Genetic structure of Polycera alabe and P. atra (Mollusca: Opistobranchia: Nudibranchia) in the Pacific coast of North America.
The opisthobranch mollusks Polycera alabe Collier & Farmer, 1964 and Polycera atra MacFarland, 1905 (family Polyceridae Alder & Hancock, 1845) are benthic marine invertebrates found in coastal habitats along the eastern Pacific. Anecdotal evidence suggests that El Nino Southern Oscillation (ENSO) plays significant roles in range expansions and contractions of both species (Kerstitch and Bertsch 2007), which otherwise have allopatric ranges, with the boundary at Punta Eugenia and Isla Cedros, Mexico (Angulo Campillo 2003, 2005). The known geographic range of P. atra spans from Cape Arago, Oregon (Goddard 1984) to La Paz, Mexico (Angulo Campillo 2003, 2005). However, the northernmost record of P. atra in Oregon was during the intense El Nino of 1982-1983 (Goddard 1984), and reports of this species south of Punta Eugenia are very rare (Angulo Campillo 2003, 2005). Polycera alabe is found from the Channel Islands in Southern California to Panama (Behrens and Hermosillo 2005), with an isolated record from northern Chile (Schrodl 2003), but the only record of P. alabe north of Punta Eugenia, in Southern California, was during the strong El Nino of 1997- 1998 (Engle and Richards 2001).
Both P. atra and P. alabe are extremely variable in external coloration. Behrens and Hermosillo (2005) recognized four distinct color forms in P. alabe that they classified as variations A-D, each with slightly different geographic ranges. Variation A is found throughout the Gulf of California, the Pacific coast of Baja California and Southern California; variation B is found in the Pacific coast of Mexico; variation C is present from Mexico to Costa Rica and Panama; and variation D is only found in Central America. Based on these data, Behrens and Hermosillo (2005) suggested the possibility of the existence of several species. Animals of P. atra are also found to vary in coloration from very dark to light; MacFarland (1966) indicated that southern animals tend to be lighter, suggesting some geographic variation. However, both our observations and unpublished data (H. Bertsch, pers. comm.) indicate a possible relationship between coloration and diet. Both species feed commonly on bryozoans of the genus Bugula and Membranipora (McDonald 1983), and P. atra collected on Membranipora are consistently lighter than those found on Bugula.
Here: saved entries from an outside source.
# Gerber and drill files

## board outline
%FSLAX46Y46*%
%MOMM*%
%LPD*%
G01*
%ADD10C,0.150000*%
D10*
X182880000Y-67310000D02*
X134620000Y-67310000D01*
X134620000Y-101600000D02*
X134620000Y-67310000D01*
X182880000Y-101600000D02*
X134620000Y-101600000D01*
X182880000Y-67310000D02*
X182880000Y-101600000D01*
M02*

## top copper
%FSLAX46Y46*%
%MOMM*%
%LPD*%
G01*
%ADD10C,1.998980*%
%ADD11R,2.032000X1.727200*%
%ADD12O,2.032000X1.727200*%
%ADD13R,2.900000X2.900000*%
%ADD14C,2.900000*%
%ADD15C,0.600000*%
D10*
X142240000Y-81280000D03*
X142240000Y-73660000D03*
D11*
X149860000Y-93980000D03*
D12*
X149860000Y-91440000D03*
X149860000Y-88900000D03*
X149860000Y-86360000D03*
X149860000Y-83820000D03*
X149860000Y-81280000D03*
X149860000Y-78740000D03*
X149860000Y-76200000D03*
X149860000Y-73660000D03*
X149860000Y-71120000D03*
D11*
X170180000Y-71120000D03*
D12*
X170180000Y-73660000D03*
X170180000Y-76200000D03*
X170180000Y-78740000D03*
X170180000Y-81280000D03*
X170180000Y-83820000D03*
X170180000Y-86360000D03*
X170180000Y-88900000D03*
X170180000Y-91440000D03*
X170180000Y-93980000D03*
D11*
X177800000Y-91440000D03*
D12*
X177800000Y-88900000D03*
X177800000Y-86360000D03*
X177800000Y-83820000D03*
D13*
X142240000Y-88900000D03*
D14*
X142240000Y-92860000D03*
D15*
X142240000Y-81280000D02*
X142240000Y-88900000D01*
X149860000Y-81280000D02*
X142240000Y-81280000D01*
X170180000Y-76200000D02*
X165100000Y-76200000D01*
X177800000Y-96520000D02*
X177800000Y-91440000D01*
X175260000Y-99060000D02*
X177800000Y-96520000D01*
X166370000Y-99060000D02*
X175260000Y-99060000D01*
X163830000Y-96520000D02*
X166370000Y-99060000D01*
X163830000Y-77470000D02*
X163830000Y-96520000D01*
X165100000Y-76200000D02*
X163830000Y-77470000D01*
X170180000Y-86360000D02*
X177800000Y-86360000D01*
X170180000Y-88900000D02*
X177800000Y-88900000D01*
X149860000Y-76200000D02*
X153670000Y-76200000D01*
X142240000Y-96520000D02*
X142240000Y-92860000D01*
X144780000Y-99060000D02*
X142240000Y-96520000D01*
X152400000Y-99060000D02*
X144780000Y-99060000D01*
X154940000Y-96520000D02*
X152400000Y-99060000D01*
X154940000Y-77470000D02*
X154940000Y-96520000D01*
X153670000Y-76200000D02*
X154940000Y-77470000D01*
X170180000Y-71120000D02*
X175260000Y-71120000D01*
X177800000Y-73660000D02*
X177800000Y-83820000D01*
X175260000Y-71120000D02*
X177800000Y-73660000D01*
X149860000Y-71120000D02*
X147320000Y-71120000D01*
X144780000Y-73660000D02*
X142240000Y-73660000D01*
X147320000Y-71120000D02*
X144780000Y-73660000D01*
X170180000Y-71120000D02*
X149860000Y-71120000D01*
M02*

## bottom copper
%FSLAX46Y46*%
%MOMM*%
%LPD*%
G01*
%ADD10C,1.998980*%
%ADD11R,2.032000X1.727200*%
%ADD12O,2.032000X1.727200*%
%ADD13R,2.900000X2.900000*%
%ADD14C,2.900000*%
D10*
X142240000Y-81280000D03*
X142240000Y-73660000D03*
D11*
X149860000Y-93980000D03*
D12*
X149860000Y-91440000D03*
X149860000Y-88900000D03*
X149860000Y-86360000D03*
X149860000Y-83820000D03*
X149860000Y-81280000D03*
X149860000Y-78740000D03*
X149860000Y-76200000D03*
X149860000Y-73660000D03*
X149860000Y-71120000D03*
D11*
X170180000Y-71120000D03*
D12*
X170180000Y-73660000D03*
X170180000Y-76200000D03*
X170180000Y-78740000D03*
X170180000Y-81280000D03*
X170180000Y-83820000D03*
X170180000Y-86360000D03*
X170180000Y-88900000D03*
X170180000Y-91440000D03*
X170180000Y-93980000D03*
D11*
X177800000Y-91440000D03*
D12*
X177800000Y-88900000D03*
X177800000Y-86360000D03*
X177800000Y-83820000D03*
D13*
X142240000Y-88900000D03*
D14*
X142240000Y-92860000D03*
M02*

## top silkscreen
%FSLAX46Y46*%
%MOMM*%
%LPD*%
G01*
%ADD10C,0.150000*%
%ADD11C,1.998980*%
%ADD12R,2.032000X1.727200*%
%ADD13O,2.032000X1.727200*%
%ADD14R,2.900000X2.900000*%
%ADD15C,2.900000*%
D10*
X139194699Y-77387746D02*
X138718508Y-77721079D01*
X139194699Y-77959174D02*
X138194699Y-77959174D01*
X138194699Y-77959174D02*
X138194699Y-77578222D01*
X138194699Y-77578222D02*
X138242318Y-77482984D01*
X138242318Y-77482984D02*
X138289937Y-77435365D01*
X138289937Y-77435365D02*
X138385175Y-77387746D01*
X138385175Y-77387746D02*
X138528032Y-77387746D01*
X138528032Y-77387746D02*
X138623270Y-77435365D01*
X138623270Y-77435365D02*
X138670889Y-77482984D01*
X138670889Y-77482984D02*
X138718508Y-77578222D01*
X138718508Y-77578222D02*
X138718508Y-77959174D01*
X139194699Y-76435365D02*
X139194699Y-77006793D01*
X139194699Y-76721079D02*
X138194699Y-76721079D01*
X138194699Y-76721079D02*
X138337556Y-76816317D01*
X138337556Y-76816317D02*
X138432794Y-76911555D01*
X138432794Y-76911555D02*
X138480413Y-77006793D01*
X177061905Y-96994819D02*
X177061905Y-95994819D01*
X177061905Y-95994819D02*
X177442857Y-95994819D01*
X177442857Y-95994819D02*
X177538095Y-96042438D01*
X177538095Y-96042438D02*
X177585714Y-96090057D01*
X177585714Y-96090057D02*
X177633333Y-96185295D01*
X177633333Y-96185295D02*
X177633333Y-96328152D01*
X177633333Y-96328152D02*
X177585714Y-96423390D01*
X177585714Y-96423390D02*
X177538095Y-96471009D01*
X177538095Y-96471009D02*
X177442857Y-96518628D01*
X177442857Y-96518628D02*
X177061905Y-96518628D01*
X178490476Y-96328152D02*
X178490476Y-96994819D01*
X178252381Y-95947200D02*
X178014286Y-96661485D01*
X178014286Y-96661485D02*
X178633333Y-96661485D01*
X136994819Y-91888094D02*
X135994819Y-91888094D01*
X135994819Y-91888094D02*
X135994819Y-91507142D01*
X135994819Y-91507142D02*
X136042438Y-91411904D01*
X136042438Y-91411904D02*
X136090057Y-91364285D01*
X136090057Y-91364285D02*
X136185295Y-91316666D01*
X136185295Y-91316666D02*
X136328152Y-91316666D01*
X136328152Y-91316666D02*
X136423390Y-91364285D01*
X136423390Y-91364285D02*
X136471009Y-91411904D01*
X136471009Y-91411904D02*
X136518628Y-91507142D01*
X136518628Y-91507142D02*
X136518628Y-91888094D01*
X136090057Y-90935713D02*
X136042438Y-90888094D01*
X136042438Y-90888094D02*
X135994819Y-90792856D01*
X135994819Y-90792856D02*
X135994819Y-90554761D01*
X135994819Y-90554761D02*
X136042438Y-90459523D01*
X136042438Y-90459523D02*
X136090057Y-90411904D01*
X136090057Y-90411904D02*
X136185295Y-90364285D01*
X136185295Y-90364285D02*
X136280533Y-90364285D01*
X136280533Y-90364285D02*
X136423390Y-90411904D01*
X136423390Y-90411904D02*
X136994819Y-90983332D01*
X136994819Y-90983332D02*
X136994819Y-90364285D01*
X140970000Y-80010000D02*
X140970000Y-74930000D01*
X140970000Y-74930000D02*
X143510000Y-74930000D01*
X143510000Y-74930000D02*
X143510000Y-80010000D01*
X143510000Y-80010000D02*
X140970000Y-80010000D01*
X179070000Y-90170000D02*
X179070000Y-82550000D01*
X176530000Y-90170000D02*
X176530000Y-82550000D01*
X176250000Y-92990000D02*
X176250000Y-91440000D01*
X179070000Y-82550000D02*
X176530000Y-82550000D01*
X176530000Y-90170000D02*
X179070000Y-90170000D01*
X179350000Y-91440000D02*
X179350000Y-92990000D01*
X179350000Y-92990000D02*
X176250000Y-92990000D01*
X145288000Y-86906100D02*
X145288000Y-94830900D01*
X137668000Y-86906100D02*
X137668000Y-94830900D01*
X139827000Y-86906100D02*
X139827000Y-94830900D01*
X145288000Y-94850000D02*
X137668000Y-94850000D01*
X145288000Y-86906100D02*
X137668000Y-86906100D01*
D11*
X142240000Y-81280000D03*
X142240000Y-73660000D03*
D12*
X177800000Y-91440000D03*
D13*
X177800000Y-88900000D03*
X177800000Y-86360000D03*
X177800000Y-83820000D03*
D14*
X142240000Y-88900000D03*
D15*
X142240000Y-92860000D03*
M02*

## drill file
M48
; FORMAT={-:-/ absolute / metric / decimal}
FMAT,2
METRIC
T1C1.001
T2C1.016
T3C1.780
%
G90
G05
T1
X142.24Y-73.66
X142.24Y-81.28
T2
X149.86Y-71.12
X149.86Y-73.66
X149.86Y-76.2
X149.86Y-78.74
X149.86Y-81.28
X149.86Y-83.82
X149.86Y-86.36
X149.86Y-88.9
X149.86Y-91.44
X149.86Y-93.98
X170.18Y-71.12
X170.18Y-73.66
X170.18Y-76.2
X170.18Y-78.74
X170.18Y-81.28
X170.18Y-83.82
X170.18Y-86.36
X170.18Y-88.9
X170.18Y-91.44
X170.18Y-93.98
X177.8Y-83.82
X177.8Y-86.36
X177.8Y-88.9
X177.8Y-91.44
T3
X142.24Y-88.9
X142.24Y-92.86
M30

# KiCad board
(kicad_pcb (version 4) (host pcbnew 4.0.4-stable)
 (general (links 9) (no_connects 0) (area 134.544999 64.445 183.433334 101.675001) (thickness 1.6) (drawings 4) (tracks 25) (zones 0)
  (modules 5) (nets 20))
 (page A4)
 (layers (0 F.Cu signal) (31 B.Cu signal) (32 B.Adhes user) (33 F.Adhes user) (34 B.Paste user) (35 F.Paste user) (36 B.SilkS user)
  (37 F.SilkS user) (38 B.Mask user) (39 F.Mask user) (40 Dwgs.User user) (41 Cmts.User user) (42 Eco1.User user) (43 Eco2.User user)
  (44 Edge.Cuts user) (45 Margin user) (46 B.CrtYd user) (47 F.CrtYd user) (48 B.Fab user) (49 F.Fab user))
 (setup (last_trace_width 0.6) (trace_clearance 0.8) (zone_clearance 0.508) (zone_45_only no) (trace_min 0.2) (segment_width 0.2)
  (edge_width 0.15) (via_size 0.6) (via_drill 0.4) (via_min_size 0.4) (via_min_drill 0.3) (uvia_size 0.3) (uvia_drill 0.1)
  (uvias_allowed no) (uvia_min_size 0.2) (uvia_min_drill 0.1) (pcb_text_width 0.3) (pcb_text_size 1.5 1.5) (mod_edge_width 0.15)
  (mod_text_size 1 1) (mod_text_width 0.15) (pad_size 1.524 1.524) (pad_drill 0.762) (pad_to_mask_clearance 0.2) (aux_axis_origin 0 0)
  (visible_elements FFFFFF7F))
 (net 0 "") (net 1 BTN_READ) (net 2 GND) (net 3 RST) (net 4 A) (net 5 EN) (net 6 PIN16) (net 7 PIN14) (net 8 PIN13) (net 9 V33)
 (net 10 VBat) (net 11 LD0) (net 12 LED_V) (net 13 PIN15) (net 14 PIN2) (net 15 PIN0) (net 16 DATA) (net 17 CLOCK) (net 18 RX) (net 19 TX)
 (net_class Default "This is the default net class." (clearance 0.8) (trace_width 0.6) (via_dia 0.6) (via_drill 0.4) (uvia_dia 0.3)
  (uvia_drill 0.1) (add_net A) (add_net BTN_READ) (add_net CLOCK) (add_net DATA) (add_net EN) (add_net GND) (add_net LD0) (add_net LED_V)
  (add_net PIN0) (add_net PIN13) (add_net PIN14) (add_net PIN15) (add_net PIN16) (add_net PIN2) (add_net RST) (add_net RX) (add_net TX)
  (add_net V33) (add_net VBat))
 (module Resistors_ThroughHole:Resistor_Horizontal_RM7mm (layer F.Cu) (at 142.24 81.28 90)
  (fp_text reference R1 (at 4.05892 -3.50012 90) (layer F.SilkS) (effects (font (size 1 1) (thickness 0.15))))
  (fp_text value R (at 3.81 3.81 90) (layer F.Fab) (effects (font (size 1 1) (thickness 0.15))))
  (fp_line (start 1.27 -1.27) (end 6.35 -1.27) (layer F.SilkS) (width 0.15))
  (fp_line (start 6.35 -1.27) (end 6.35 1.27) (layer F.SilkS) (width 0.15))
  (fp_line (start 6.35 1.27) (end 1.27 1.27) (layer F.SilkS) (width 0.15))
  (fp_line (start 1.27 1.27) (end 1.27 -1.27) (layer F.SilkS) (width 0.15))
  (pad 1 thru_hole circle (at 0 0 90) (size 1.99898 1.99898) (drill 1.00076) (layers *.Cu *.SilkS *.Mask) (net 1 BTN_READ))
  (pad 2 thru_hole circle (at 7.62 0 90) (size 1.99898 1.99898) (drill 1.00076) (layers *.Cu *.SilkS *.Mask) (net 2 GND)))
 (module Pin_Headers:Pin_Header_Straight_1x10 (layer B.Cu) (at 149.86 93.98)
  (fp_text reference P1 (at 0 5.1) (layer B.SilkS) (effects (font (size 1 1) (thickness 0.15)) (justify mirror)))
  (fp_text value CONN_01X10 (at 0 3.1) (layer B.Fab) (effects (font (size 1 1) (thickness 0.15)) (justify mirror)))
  (pad 1 thru_hole rect (at 0 0) (size 2.032 1.7272) (drill 1.016) (layers *.Cu *.Mask B.SilkS) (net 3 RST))
  (pad 2 thru_hole oval (at 0 -2.54) (size 2.032 1.7272) (drill 1.016) (layers *.Cu *.Mask B.SilkS) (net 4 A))
  (pad 3 thru_hole oval (at 0 -5.08) (size 2.032 1.7272) (drill 1.016) (layers *.Cu *.Mask B.SilkS) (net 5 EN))
  (pad 4 thru_hole oval (at 0 -7.62) (size 2.032 1.7272) (drill 1.016) (layers *.Cu *.Mask B.SilkS) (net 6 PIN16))
  (pad 5 thru_hole oval (at 0 -10.16) (size 2.032 1.7272) (drill 1.016) (layers *.Cu *.Mask B.SilkS) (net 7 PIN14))
  (pad 6 thru_hole oval (at 0 -12.7) (size 2.032 1.7272) (drill 1.016) (layers *.Cu *.Mask B.SilkS) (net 1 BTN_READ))
  (pad 7 thru_hole oval (at 0 -15.24) (size 2.032 1.7272) (drill 1.016) (layers *.Cu *.Mask B.SilkS) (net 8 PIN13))
  (pad 8 thru_hole oval (at 0 -17.78) (size 2.032 1.7272) (drill 1.016) (layers *.Cu *.Mask B.SilkS) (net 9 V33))
  (pad 9 thru_hole oval (at 0 -20.32) (size 2.032 1.7272) (drill 1.016) (layers *.Cu *.Mask B.SilkS) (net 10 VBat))
  (pad 10 thru_hole oval (at 0 -22.86) (size 2.032 1.7272) (drill 1.016) (layers *.Cu *.Mask B.SilkS) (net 2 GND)))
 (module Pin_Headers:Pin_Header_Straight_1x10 (layer B.Cu) (at 170.18 71.12 180)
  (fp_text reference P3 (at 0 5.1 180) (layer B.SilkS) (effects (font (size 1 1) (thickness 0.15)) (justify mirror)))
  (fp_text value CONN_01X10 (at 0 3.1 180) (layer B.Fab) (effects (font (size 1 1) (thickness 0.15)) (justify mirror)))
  (pad 1 thru_hole rect (at 0 0 180) (size 2.032 1.7272) (drill 1.016) (layers *.Cu *.Mask B.SilkS) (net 2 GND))
  (pad 2 thru_hole oval (at 0 -2.54 180) (size 2.032 1.7272) (drill 1.016) (layers *.Cu *.Mask B.SilkS) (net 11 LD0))
  (pad 3 thru_hole oval (at 0 -5.08 180) (size 2.032 1.7272) (drill 1.016) (layers *.Cu *.Mask B.SilkS) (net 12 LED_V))
  (pad 4 thru_hole oval (at 0 -7.62 180) (size 2.032 1.7272) (drill 1.016) (layers *.Cu *.Mask B.SilkS) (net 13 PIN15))
  (pad 5 thru_hole oval (at 0 -10.16 180) (size 2.032 1.7272) (drill 1.016) (layers *.Cu *.Mask B.SilkS) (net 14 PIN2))
  (pad 6 thru_hole oval (at 0 -12.7 180) (size 2.032 1.7272) (drill 1.016) (layers *.Cu *.Mask B.SilkS) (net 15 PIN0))
  (pad 7 thru_hole oval (at 0 -15.24 180) (size 2.032 1.7272) (drill 1.016) (layers *.Cu *.Mask B.SilkS) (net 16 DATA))
  (pad 8 thru_hole oval (at 0 -17.78 180) (size 2.032 1.7272) (drill 1.016) (layers *.Cu *.Mask B.SilkS) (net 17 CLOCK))
  (pad 9 thru_hole oval (at 0 -20.32 180) (size 2.032 1.7272) (drill 1.016) (layers *.Cu *.Mask B.SilkS) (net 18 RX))
  (pad 10 thru_hole oval (at 0 -22.86 180) (size 2.032 1.7272) (drill 1.016) (layers *.Cu *.Mask B.SilkS) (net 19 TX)))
The objective of this paper is to examine the genetic structure of P. alabe and P. atra in the Pacific coast of North America, including specimens from northern California to the southern Mexican state of Guerrero. A mitochondrial (16S) and a nuclear (H3) gene were sequenced.
Material and Methods
Source of Specimens
Eight specimens of P. alabe, five specimens of P. atra, and one specimen of Polycera hedgpethi Marcus, 1964 were sequenced (Table 1). Specimens were obtained from the collections of the Natural History Museum of Los Angeles County (LACM) and the Cal Poly Pomona research collections (CPIC). Sequences for one specimen of Polycera cf. capensis Quoy & Gaimard, 1824 deposited at the California Academy of Sciences (CASIZ) were obtained from GenBank.
Four specimens of Polycera alabe were dissected, and the radula of each was removed. Surrounding tissue on the radula was removed manually and then placed in low concentration [0.1] sodium hydroxide for approximately 24 hours to remove any remaining tissue. The radula was then dried, mounted with electrically conductive double-sided adhesive tape, and sputter coated with gold/palladium alloy for examination with a scanning electron microscope (SEM) Hitachi S-3000N at the Natural History Museum of Los Angeles County.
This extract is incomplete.